Miracle of miracles I conquered Woolies (and probably infected everyone there) (this is why you wash your fruit peeps!) and lugged my stuff home. On some weird, disease ridden impulse I had bought a bag of puffed corn (I know... What? and Why?) and after I had put everything else away I was left staring at this huge bag of puffed corn on the bench without a clue of what to do with it. So I opened it and started eating it. Manically. I just couldn't stop! I had to have this puffed corn! I was cramming it in my mouth without any real reason or purpose and then in a sudden moment of clarity I looked down at my two fists full of puffed corn and thought to myself. I reeeeeally need to just go back to bed. My body was just too weak, hot and heavy to protest with my brain, so although I had this inexplicable urge to eat all the puffed corn in the world, instead I tucked myself back into bed and fell asleep.
LIFE LESSON 5: PUFFED CORN.

I woke up at midday, feeling only mildly better, but somehow convinced myself that I'd feel MUCH better if I went to the library, found myself some wifi and contacted the rest of civilisation. I was still pretty convinced that my low mood was on account of being so isolated and so many crazy events happening. I was also pretty disappointed in myself for my poor observation skills regarding the bus and my uni timetable (but not my health for some reason?) and so I packed my work clothes in my bag, intending to be re-immersed in the world of facebook for some considerable hours and didn't want to have to walk back to my house to get changed if that was the case. I thought that was an AWESOME decision and that I was really turning myself around. Until I closed the apartment door behind me and realised in the split second after the condemning BANG that I had left my keys inside and locked myself out.

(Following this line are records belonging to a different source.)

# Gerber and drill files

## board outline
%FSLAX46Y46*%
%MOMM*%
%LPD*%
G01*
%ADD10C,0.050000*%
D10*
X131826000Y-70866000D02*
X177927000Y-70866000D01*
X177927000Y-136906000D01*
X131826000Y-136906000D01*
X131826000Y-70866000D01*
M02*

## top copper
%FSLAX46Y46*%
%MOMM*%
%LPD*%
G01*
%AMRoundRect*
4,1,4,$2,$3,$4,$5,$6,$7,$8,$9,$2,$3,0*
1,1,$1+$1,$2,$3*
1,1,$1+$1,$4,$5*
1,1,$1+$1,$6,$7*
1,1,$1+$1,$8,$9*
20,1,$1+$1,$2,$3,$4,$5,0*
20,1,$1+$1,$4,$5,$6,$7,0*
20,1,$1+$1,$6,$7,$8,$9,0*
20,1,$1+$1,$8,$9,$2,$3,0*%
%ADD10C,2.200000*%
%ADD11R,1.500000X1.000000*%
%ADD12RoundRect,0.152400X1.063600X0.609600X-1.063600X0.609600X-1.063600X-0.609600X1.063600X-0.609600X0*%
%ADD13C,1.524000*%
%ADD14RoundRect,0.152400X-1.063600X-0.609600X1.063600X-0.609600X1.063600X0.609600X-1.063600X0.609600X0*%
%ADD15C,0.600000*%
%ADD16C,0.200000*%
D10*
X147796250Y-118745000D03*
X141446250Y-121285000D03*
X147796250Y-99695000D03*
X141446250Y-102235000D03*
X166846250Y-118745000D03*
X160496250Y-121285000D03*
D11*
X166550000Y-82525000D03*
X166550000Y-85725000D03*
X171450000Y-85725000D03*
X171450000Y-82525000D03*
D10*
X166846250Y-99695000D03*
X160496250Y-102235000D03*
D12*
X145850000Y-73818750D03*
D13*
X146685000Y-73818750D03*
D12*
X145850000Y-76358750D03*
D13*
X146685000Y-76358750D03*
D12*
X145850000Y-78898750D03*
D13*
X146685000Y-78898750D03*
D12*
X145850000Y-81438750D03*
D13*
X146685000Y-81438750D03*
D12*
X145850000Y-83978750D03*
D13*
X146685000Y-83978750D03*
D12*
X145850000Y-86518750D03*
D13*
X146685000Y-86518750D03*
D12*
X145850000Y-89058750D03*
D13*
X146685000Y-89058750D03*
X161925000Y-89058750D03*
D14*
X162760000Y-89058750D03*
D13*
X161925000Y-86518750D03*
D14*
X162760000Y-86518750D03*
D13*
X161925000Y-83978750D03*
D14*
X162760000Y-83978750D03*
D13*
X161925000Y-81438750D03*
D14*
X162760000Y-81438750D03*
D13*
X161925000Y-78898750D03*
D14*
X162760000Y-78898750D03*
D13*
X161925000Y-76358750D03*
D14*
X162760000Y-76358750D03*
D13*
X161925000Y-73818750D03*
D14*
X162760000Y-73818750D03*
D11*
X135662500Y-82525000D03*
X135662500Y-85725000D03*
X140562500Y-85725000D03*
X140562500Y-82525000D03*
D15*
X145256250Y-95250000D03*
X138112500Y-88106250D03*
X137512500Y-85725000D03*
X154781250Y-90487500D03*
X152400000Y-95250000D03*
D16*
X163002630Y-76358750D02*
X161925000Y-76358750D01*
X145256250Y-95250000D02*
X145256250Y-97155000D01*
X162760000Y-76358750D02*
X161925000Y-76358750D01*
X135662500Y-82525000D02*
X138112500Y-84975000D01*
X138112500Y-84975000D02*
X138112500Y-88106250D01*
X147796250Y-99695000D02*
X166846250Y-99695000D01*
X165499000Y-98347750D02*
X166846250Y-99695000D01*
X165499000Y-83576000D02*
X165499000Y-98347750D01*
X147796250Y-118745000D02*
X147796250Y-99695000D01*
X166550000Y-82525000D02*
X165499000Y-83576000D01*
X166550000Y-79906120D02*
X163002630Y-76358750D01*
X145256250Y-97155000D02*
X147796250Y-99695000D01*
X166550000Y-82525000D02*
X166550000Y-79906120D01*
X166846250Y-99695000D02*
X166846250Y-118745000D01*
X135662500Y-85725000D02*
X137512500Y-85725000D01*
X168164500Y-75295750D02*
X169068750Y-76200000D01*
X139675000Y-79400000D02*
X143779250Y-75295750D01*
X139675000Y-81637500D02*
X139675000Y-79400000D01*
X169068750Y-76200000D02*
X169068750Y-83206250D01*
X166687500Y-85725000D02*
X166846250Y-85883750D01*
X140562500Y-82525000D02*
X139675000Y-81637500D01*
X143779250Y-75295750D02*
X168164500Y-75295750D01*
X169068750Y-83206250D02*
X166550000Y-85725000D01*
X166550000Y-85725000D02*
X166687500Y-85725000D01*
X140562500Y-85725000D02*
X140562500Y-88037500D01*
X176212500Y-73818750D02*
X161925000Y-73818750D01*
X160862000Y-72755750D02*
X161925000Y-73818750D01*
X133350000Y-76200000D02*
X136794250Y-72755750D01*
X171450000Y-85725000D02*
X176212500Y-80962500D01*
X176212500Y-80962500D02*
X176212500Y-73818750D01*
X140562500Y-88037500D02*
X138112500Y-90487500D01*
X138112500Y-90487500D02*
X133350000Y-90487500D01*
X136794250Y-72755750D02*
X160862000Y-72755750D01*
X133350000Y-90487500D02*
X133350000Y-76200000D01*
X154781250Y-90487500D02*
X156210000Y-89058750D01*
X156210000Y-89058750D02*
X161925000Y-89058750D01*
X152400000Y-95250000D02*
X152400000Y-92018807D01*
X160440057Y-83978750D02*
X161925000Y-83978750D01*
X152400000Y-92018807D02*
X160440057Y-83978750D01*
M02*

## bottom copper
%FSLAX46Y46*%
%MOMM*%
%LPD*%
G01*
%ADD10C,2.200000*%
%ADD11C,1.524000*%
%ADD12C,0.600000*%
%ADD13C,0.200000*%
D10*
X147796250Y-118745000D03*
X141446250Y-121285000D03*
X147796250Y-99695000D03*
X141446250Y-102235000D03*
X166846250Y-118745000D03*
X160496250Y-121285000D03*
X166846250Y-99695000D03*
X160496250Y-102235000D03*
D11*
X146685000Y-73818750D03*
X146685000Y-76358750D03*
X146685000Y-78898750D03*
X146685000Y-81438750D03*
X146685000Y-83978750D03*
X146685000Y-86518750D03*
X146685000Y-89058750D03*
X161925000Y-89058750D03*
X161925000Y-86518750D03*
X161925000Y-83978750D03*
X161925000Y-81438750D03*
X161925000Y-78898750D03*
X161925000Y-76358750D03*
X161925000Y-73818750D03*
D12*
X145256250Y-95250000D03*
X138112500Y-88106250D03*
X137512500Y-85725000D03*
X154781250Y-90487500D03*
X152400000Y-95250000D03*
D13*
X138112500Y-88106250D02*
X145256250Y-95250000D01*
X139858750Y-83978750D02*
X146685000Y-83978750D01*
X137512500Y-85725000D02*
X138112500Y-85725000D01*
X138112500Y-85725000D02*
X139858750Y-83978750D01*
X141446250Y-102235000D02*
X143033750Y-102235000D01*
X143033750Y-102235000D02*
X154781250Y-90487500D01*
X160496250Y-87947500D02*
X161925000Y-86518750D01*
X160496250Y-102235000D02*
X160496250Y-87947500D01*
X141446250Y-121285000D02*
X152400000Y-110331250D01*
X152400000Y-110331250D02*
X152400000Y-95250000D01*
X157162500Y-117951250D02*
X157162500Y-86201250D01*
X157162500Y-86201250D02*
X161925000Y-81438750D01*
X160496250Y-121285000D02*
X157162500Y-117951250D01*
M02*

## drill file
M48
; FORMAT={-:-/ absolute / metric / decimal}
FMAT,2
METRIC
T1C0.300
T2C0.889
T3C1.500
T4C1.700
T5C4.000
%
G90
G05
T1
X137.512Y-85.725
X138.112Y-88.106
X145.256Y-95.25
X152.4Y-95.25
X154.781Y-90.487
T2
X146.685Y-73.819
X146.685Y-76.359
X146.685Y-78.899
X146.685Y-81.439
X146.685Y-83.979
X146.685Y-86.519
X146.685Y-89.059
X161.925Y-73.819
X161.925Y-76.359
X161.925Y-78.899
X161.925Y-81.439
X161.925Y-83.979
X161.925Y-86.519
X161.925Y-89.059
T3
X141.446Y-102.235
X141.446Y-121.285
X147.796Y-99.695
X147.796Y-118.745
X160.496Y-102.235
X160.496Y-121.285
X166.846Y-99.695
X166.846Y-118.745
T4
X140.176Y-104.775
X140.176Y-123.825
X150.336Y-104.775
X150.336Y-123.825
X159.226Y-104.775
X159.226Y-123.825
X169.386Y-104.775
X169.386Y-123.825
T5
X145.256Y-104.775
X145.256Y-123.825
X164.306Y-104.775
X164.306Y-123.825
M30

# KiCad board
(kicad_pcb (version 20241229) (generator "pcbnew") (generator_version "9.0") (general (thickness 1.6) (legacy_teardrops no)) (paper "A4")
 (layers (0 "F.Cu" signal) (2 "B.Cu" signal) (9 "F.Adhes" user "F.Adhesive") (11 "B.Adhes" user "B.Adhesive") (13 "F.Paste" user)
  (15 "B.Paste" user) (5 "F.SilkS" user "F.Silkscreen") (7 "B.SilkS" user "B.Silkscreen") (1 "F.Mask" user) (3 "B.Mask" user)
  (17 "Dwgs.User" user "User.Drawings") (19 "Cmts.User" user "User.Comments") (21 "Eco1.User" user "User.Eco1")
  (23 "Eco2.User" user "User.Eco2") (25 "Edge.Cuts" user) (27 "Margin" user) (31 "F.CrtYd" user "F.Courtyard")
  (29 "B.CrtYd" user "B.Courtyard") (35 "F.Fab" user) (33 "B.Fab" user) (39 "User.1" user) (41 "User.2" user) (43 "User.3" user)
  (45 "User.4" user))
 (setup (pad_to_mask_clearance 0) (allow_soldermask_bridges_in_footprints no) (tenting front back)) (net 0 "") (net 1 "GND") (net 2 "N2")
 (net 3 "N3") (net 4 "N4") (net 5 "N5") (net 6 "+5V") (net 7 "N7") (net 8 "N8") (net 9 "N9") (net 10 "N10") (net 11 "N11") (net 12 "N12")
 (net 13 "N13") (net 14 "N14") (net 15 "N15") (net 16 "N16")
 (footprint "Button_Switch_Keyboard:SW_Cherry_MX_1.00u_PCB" (layer "F.Cu") (at 147.79625 118.745)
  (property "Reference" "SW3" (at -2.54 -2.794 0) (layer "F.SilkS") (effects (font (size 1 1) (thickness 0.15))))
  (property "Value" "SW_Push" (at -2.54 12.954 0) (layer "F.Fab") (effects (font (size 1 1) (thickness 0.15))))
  (pad "" np_thru_hole circle (at -7.62 5.08) (size 1.7 1.7) (drill 1.7) (layers "*.Cu" "*.Mask"))
  (pad "" np_thru_hole circle (at -2.54 5.08) (size 4 4) (drill 4) (layers "*.Cu" "*.Mask"))
  (pad "" np_thru_hole circle (at 2.54 5.08) (size 1.7 1.7) (drill 1.7) (layers "*.Cu" "*.Mask"))
  (pad "1" thru_hole circle (at 0 0) (size 2.2 2.2) (drill 1.5) (layers "*.Cu" "*.Mask") (remove_unused_layers no) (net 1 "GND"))
  (pad "2" thru_hole circle (at -6.35 2.54) (size 2.2 2.2) (drill 1.5) (layers "*.Cu" "*.Mask") (remove_unused_layers no) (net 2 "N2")))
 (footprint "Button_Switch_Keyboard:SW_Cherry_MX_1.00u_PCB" (layer "F.Cu") (at 147.79625 99.695)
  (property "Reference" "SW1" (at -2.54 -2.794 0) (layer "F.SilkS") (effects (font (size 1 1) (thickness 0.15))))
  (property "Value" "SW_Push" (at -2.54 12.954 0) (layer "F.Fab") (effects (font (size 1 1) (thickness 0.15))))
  (pad "" np_thru_hole circle (at -7.62 5.08) (size 1.7 1.7) (drill 1.7) (layers "*.Cu" "*.Mask"))
  (pad "" np_thru_hole circle (at -2.54 5.08) (size 4 4) (drill 4) (layers "*.Cu" "*.Mask"))
  (pad "" np_thru_hole circle (at 2.54 5.08) (size 1.7 1.7) (drill 1.7) (layers "*.Cu" "*.Mask"))
  (pad "1" thru_hole circle (at 0 0) (size 2.2 2.2) (drill 1.5) (layers "*.Cu" "*.Mask") (remove_unused_layers no) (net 1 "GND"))
  (pad "2" thru_hole circle (at -6.35 2.54) (size 2.2 2.2) (drill 1.5) (layers "*.Cu" "*.Mask") (remove_unused_layers no) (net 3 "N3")))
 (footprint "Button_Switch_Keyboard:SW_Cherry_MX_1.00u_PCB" (layer "F.Cu") (at 166.84625 118.745)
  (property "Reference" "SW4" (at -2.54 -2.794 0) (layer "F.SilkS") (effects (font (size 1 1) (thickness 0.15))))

Anyway. This has already been a long story so I'll try to cut it short now.

I went to the library. Sat in a chair by a large window for 4 hours. Got up, went to work and SUDDENLY felt better. The weight of the world was lifted from my shoulders! I could see without fuzzy vision! I could swallow without wanting to just rip out my oesophagus! My feet were light, my clarity had returned I COULD BREATHE.
I don't know how, but somehow, without even the assistance of a panadol, my body threw off this death virus which was so horrible that I didn't even realise I had it. And I only realise now how incredibly horrible the past few days were because of it, RIGHT NOW because I just feel SO MUCH BETTER. Which is why I have stayed up till 1am to write this story.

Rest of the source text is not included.